▶ _What the task requires_
Please restate, word for word, the lines below that begin at the one with "(via (at 148.2" and end at the one with "(segment (start 147.5". Leave out all other lines.

Start of Dataset records

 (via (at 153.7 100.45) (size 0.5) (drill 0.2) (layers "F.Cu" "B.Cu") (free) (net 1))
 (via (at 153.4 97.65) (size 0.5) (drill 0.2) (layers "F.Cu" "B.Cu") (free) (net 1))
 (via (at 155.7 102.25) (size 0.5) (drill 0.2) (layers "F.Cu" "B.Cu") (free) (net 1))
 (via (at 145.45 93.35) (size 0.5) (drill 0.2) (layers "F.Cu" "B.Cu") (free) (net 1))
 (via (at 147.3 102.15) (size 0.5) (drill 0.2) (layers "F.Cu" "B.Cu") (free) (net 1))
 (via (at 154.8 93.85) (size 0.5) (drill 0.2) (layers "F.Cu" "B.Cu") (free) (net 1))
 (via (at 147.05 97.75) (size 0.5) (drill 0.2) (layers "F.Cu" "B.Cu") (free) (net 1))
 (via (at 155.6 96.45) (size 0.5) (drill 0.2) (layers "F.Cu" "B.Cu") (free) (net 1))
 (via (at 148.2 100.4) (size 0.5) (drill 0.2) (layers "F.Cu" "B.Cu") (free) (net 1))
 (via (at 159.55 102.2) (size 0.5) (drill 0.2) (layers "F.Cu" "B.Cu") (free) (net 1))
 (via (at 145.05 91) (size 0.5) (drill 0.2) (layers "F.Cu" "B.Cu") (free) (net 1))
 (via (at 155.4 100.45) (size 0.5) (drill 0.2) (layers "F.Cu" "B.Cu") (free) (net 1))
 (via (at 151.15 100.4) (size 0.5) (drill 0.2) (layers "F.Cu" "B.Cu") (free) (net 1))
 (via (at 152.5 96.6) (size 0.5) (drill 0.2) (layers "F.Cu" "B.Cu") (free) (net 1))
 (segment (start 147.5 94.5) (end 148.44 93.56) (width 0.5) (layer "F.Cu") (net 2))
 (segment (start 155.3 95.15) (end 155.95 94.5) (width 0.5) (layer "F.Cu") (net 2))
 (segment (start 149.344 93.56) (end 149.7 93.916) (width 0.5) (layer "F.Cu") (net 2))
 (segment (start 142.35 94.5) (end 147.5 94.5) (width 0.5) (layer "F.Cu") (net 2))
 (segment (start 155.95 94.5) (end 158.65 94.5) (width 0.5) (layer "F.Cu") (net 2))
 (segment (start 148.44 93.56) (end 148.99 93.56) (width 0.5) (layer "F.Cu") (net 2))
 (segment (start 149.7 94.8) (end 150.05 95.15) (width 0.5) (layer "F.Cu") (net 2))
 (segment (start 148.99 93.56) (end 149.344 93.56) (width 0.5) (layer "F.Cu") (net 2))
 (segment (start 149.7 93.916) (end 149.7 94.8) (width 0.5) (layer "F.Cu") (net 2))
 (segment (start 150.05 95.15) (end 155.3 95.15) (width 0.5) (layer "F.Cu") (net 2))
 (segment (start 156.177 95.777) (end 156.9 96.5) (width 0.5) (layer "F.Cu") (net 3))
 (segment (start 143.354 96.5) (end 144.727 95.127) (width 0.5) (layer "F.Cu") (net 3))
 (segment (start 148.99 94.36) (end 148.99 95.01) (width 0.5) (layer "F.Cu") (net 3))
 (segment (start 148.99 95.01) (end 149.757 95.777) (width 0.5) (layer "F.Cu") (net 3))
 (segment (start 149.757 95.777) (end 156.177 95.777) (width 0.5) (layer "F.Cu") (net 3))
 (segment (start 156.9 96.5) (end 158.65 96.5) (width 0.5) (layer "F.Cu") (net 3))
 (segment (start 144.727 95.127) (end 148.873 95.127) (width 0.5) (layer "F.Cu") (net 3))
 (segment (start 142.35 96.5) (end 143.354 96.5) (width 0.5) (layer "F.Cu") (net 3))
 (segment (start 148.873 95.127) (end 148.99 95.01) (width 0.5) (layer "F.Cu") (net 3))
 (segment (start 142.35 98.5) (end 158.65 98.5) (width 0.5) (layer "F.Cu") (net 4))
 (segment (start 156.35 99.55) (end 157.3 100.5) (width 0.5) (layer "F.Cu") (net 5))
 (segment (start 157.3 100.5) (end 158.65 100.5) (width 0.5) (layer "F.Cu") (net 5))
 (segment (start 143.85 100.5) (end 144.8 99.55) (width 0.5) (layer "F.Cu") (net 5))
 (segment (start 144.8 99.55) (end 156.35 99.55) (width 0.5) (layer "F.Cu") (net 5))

End of Dataset records

▶ _Exercise response_
 (via (at 148.2 100.4) (size 0.5) (drill 0.2) (layers "F.Cu" "B.Cu") (free) (net 1))
 (via (at 159.55 102.2) (size 0.5) (drill 0.2) (layers "F.Cu" "B.Cu") (free) (net 1))
 (via (at 145.05 91) (size 0.5) (drill 0.2) (layers "F.Cu" "B.Cu") (free) (net 1))
 (via (at 155.4 100.45) (size 0.5) (drill 0.2) (layers "F.Cu" "B.Cu") (free) (net 1))
 (via (at 151.15 100.4) (size 0.5) (drill 0.2) (layers "F.Cu" "B.Cu") (free) (net 1))
 (via (at 152.5 96.6) (size 0.5) (drill 0.2) (layers "F.Cu" "B.Cu") (free) (net 1))
 (segment (start 147.5 94.5) (end 148.44 93.56) (width 0.5) (layer "F.Cu") (net 2))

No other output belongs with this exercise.